SALT LAKE CITY — Daniel Mattis was just 7 years old when he and his family fled their home in Belgium, just as the Nazis were bombing Brussels in 1940. Their train was the last to leave the station before the tracks were destroyed.
The Mattis family had obtained visas to Brazil, but their escape seemed impossible.
Spain, then the only maritime gateway to the Americas and beyond, had closed its borders to all without transit visas to Portugal, and Portugal’s president, Antonio de Oliveira Salazar, had issued Circular 14, a document forbidding the issuance of visas to most refugees.
“It was a very scary time,” Mattis recalled. “To get to Brazil, you had to be at a port, and to get to a port, you had to cross Spain because Vichy France occupied the south of France.”
Mattis’ life was spared thanks to a Portuguese consul named Aristides de Sousa Mendes, who defied Salazar’s orders and issued some 30,000 visas to refugees including the Mattis family over the course of just a few days.
Sousa Mendes was later arrested and severely punished for issuing the visas. But his actions had saved Mattis’ life, along with that of many other refugees including Hans Augusto and Margret Rey, the authors of “Curious George,” and Spanish painter Salvador Dali.

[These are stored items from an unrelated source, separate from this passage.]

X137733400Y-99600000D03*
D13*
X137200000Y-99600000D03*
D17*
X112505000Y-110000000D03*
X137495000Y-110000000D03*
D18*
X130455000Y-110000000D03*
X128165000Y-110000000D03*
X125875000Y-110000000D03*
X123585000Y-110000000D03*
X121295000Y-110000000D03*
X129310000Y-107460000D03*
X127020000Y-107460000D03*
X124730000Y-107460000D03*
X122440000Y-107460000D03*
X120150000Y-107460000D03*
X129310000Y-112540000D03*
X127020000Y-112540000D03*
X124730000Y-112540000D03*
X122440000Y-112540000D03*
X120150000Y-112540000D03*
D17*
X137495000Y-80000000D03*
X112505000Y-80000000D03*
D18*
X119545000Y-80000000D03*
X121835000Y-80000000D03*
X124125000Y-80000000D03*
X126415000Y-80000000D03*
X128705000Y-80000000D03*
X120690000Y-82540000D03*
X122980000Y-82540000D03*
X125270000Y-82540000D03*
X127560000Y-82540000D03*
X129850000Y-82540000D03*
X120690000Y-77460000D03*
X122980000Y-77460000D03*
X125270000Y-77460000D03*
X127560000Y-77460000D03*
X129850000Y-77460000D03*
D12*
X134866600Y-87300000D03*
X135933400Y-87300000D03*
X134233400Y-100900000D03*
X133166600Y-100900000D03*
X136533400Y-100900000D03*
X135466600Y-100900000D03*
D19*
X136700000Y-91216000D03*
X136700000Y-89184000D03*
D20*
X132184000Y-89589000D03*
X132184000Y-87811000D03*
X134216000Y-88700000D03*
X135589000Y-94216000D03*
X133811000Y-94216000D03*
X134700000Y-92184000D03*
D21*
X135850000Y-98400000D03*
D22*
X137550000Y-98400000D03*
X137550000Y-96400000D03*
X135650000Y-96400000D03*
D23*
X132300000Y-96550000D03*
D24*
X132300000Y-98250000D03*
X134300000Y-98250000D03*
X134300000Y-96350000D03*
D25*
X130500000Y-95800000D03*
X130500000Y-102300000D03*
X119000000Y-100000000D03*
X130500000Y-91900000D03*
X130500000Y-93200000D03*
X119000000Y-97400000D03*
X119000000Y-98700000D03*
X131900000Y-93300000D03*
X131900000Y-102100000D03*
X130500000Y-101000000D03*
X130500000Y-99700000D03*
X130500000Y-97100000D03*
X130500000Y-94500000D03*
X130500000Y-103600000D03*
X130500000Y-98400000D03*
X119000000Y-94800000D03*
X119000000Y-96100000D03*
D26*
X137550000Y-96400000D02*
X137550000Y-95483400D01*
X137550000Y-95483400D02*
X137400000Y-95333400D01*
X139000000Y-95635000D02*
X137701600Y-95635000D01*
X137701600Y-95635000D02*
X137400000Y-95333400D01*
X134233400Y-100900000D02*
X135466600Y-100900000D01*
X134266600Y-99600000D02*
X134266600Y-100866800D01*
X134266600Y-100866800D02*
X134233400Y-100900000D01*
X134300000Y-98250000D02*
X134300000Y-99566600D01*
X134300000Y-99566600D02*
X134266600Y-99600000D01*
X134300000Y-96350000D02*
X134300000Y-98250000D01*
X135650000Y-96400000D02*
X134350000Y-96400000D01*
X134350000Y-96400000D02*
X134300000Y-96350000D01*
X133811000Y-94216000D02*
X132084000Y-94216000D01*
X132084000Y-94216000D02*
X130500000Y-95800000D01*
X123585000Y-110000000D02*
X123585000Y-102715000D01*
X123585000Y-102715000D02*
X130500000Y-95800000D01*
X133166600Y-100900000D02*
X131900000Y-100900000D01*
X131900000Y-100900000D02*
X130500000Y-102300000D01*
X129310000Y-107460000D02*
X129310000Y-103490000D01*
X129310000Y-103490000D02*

“I would rather stand with God against man than with man against God,” Sousa Mendes declared, according to the Sousa Mendes Foundation, an organization that honors the Portuguese consul’s legacy.

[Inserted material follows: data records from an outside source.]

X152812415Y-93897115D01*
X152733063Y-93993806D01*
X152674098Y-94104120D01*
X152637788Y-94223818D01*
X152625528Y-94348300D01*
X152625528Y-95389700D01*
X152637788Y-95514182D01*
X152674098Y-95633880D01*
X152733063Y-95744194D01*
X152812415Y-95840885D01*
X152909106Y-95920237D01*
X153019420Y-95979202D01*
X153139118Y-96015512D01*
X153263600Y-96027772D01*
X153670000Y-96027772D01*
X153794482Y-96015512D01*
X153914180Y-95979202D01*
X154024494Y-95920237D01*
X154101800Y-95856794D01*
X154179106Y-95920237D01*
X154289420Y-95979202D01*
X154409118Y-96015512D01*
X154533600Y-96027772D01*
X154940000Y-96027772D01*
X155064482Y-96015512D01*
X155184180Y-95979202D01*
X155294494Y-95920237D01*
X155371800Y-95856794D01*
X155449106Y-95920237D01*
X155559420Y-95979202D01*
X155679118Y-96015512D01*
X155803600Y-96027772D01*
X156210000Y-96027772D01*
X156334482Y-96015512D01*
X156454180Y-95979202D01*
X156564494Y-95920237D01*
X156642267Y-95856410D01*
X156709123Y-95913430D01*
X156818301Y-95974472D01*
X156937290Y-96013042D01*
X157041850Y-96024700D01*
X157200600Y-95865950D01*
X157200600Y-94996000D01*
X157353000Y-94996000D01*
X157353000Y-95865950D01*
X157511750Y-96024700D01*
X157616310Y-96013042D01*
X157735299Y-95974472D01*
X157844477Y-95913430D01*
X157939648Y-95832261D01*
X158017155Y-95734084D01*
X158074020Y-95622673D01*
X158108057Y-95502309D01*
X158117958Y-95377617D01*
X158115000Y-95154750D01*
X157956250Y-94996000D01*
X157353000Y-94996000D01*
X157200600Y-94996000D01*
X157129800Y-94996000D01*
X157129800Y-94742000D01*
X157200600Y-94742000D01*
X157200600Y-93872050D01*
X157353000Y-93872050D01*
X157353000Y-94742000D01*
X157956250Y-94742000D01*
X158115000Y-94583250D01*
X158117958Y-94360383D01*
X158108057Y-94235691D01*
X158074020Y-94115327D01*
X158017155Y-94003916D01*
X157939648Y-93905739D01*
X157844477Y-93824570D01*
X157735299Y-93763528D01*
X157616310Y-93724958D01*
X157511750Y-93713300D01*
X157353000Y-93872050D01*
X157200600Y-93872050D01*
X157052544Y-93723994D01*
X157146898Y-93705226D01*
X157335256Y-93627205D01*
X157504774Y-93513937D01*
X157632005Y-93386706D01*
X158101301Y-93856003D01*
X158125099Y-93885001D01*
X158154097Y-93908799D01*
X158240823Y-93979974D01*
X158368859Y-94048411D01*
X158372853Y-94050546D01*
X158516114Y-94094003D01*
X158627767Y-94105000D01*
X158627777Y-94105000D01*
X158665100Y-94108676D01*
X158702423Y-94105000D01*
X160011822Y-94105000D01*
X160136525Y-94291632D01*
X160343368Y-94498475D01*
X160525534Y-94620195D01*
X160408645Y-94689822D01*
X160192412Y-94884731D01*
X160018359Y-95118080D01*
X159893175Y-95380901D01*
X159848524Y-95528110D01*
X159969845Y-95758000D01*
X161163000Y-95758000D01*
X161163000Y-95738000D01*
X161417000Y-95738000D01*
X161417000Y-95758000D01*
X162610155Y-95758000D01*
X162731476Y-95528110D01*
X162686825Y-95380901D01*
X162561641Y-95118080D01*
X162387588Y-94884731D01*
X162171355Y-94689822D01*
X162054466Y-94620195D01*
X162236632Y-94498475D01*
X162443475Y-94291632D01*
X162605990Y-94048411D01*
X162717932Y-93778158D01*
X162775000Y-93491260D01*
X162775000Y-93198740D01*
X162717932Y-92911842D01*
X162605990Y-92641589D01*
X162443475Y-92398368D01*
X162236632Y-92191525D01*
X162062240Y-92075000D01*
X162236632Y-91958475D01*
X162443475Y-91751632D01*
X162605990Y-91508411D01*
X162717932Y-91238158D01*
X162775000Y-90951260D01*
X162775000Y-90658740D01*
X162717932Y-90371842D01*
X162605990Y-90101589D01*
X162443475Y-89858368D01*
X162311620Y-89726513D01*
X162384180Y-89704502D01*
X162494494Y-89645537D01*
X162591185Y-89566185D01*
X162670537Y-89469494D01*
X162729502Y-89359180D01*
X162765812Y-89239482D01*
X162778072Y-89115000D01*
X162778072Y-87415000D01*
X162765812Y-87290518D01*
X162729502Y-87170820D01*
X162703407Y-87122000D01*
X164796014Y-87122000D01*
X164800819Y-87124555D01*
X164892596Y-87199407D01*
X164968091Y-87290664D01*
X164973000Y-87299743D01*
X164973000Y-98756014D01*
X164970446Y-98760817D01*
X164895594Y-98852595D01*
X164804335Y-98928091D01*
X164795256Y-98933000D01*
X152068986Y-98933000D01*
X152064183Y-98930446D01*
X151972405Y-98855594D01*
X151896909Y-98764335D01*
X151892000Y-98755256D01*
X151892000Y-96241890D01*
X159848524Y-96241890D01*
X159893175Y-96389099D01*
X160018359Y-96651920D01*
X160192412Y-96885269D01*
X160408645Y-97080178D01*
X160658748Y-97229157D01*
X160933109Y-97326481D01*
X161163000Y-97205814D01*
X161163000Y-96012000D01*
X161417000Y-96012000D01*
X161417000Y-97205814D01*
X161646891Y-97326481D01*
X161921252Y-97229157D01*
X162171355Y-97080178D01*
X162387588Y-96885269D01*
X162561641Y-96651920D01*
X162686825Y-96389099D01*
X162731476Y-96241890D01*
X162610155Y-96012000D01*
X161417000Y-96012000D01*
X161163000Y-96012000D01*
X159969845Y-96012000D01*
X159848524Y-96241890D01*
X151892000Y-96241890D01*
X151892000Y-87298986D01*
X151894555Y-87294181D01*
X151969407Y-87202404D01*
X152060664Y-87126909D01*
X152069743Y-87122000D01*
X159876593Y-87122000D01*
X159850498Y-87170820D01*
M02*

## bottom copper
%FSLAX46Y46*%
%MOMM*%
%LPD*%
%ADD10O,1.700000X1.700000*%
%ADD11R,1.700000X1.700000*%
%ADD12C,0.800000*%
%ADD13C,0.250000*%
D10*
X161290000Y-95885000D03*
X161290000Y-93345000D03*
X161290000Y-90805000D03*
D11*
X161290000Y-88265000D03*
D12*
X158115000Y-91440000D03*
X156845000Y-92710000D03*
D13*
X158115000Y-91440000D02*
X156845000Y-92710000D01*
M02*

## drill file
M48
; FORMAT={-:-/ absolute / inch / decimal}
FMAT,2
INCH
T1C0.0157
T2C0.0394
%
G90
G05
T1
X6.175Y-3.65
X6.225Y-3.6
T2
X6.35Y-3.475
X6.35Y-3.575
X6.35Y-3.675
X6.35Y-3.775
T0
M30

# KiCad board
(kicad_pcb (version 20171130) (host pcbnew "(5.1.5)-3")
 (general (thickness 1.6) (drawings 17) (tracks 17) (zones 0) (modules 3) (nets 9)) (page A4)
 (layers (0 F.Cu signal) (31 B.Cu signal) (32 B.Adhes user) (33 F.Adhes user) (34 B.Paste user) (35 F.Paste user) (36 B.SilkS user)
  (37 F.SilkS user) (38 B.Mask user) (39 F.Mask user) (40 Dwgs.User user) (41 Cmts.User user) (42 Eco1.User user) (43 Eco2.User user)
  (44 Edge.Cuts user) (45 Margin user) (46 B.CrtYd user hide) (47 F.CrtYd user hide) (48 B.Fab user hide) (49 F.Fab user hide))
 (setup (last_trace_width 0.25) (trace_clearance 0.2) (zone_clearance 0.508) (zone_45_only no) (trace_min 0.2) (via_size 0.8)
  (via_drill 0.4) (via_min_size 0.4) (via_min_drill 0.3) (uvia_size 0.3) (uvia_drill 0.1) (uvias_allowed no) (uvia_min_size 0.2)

Nearly 80 years later, Sousa Mendes’ heroic act will be commemorated with an oratorio performance at the Salt Lake City Tabernacle on Jan. 27, International Holocaust Remembrance Day.
“It makes you feel good that there are heroes and that there are people who will stand up, even if the governments don’t,” Mattis said.

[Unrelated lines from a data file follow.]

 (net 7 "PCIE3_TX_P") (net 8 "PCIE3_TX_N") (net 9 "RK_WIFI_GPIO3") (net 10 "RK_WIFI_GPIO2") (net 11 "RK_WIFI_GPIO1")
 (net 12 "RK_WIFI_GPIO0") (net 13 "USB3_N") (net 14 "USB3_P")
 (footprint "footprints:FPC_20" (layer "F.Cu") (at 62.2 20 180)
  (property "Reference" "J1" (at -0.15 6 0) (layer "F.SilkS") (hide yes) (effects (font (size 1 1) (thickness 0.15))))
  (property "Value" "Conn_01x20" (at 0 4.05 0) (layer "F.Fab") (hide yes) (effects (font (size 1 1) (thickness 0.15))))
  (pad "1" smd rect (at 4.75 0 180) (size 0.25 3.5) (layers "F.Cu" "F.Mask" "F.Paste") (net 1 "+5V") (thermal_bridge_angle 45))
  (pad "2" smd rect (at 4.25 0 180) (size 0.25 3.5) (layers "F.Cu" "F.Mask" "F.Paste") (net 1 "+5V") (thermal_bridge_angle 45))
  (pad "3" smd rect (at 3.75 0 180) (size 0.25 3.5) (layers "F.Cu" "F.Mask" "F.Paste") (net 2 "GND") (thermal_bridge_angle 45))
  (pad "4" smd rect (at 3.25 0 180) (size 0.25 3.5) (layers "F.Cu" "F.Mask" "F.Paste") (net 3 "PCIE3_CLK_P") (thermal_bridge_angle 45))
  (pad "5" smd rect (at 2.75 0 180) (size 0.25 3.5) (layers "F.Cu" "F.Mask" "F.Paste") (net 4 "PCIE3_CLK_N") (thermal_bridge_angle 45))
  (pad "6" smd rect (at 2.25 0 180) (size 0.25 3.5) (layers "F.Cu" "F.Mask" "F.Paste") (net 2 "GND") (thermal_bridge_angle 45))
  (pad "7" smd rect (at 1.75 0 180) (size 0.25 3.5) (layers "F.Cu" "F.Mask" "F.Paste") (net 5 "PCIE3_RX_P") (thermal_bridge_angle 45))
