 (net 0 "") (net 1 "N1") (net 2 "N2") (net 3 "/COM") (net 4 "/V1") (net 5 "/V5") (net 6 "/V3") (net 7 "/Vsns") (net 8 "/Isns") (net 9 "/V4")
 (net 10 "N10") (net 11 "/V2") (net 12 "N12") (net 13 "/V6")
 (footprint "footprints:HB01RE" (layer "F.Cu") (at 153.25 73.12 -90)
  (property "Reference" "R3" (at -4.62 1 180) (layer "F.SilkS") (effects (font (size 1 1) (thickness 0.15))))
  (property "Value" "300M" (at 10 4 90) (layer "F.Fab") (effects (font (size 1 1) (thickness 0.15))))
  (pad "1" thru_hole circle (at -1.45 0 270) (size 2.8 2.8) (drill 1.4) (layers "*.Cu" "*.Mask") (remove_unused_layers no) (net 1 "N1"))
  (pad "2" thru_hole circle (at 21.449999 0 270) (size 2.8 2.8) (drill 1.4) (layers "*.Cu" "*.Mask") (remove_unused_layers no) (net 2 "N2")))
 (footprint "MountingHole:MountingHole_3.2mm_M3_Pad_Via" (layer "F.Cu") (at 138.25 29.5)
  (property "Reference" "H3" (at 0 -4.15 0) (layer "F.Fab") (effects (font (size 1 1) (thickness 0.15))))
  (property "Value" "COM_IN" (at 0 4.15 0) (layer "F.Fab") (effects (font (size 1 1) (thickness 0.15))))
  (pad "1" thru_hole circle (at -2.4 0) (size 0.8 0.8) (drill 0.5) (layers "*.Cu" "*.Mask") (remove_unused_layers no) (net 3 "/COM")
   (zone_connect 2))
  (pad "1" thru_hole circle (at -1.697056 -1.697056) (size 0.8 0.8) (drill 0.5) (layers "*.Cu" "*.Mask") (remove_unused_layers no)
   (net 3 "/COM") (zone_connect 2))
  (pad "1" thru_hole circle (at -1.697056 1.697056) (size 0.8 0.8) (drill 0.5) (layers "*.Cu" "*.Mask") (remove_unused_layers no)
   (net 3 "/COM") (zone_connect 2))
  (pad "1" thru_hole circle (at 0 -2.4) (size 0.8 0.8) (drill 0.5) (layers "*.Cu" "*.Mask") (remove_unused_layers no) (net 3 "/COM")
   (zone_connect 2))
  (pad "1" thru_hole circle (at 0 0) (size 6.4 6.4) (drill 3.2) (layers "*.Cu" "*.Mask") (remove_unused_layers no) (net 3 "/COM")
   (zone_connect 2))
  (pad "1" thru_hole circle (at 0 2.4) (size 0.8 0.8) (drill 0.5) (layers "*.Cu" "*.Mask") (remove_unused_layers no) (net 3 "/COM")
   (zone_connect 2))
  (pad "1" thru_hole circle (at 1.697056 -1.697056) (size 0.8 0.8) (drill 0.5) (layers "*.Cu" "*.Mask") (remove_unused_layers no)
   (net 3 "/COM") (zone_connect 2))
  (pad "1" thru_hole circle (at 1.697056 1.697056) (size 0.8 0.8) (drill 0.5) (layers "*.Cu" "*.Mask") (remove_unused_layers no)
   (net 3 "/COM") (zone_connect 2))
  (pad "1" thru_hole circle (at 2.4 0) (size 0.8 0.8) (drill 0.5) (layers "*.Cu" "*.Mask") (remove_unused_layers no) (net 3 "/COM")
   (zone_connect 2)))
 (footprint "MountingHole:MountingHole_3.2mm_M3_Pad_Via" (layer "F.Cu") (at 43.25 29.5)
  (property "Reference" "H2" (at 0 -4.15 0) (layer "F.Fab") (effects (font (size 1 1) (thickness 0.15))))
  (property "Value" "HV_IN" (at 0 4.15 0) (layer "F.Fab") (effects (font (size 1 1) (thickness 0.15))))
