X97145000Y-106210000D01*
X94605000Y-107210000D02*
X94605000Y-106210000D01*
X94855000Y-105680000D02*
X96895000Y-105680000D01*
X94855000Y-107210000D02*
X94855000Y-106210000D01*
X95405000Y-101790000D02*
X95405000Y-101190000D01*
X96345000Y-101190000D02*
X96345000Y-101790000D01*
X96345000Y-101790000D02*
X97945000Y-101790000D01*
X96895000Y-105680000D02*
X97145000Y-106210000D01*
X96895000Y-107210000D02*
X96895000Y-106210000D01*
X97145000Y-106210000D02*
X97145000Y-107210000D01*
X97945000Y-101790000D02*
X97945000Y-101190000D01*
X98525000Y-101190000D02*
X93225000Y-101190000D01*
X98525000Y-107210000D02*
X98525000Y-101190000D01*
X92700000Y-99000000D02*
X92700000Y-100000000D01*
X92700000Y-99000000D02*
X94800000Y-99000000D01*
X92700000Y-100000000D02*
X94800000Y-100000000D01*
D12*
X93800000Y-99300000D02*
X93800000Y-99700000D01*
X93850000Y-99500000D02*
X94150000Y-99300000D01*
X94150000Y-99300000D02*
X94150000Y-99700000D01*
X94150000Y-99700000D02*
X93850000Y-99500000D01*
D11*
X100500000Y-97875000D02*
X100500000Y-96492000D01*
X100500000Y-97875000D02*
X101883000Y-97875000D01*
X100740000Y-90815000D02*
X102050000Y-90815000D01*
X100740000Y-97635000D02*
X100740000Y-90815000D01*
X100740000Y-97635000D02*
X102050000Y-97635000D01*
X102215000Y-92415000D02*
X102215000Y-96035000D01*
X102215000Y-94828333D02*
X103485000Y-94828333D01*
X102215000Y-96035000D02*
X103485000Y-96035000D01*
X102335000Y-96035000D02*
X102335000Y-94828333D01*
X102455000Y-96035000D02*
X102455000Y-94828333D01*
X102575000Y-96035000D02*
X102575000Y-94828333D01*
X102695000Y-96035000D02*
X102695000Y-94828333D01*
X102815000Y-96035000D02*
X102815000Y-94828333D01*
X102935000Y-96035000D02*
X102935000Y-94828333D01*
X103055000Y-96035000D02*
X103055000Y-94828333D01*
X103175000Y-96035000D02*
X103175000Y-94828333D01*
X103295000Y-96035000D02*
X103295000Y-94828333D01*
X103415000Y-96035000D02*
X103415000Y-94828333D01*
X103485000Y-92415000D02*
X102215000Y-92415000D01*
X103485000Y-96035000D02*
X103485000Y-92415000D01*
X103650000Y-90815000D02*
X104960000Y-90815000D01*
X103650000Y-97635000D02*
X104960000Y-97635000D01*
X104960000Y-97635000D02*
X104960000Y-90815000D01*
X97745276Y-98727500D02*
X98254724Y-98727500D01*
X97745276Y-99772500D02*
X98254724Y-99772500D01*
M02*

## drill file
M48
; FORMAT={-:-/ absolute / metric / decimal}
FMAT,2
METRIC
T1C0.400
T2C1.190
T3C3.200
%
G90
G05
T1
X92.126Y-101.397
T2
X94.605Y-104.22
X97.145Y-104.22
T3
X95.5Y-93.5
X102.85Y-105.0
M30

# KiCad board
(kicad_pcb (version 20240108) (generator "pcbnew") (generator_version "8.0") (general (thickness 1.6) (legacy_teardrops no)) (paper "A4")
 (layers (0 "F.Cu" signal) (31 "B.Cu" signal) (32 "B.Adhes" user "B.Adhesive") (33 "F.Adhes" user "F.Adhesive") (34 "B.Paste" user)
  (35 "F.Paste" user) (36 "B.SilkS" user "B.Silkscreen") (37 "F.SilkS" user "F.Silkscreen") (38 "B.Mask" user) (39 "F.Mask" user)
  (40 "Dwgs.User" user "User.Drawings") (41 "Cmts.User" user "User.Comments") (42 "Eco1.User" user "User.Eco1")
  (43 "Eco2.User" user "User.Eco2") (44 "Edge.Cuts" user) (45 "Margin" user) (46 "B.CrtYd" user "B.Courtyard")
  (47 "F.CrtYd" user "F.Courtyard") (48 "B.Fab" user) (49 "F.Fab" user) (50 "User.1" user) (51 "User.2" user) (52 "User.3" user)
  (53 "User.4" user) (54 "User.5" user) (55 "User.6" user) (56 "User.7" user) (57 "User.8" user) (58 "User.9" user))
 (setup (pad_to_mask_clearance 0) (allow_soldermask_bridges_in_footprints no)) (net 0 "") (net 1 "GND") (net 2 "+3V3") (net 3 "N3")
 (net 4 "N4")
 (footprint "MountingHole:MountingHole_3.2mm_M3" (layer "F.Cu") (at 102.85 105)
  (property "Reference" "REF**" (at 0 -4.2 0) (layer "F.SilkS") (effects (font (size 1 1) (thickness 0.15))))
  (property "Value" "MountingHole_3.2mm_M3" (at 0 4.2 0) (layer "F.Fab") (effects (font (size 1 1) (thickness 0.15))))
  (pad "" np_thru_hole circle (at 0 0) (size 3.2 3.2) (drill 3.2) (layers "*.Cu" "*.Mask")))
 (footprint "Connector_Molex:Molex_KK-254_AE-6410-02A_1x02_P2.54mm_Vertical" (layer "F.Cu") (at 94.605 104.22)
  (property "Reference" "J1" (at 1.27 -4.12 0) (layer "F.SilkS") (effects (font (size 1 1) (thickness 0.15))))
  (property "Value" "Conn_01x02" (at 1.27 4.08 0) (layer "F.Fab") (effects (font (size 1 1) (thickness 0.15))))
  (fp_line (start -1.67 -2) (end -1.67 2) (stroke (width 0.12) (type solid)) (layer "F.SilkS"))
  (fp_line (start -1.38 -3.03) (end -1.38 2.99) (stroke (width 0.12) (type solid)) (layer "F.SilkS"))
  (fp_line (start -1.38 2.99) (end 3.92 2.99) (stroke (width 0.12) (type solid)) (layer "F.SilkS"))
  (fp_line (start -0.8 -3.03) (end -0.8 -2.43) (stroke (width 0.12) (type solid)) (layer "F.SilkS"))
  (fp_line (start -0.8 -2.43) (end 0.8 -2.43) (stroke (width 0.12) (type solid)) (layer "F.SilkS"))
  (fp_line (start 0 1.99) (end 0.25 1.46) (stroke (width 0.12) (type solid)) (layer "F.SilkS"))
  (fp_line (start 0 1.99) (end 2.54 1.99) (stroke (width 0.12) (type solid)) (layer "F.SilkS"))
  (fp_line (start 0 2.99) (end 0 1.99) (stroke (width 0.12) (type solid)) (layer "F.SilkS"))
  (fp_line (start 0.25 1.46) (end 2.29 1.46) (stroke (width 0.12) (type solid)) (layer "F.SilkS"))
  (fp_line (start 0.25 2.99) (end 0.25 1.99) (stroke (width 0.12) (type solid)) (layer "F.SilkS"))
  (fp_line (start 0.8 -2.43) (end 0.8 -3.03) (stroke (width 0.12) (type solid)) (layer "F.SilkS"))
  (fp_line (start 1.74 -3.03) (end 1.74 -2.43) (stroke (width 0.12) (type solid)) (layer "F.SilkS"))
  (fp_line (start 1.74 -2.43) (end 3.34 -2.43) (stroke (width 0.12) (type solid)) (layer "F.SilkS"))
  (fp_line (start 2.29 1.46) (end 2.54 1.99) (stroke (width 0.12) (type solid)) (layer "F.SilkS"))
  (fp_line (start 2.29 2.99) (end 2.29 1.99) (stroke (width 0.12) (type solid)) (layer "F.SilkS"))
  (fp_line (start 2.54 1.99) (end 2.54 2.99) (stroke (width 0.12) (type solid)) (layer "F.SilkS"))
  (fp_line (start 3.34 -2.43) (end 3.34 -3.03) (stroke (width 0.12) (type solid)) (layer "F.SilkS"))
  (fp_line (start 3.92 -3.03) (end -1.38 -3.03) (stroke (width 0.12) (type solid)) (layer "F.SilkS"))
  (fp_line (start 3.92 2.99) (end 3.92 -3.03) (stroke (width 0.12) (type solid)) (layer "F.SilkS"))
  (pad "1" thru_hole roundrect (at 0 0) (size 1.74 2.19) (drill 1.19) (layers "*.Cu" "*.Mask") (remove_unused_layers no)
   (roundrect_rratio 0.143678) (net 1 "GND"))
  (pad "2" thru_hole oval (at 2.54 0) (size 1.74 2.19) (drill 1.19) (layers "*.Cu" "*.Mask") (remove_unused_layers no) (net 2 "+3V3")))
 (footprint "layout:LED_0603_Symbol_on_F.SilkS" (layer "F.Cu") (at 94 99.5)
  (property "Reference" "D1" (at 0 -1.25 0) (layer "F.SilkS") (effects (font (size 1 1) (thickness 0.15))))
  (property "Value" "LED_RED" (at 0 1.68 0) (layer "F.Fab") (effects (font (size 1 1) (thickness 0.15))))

The oratorio, titled “Circular 14: The Apotheosis of Aristides,” tells the story of Sousa Mendes’ life and this heroic act during World War II. The Salt Lake City performance of the oratorio will feature the the Utah Youth Orchestras and Ensembles, University of Utah Chamber Choir, the University of Utah A Cappella Choir, seven Utah high school choirs from across Utah, several vocal soloists and narrator Michel Gill, the descendant of a recipient of one of Sousa Mendes’ life-saving visas. Barlow Bradford will guest conduct the one night-only performance, which is part of the Temple Square Concert Series.
Composer Neely Bruce said it took him just seconds to agree to write the oratorio upon request from Mattis’ daughter Olivia, the director of the Sousa Mendes Foundation.
The inspiration for Bruce’s oratorio came from reading all that he could about Sousa Mendes and traveling to Europe to visit some of the places Sousa Mendes’ story took place. Bruce said getting to know the music, landscape and people there influenced his composition of the oratorio.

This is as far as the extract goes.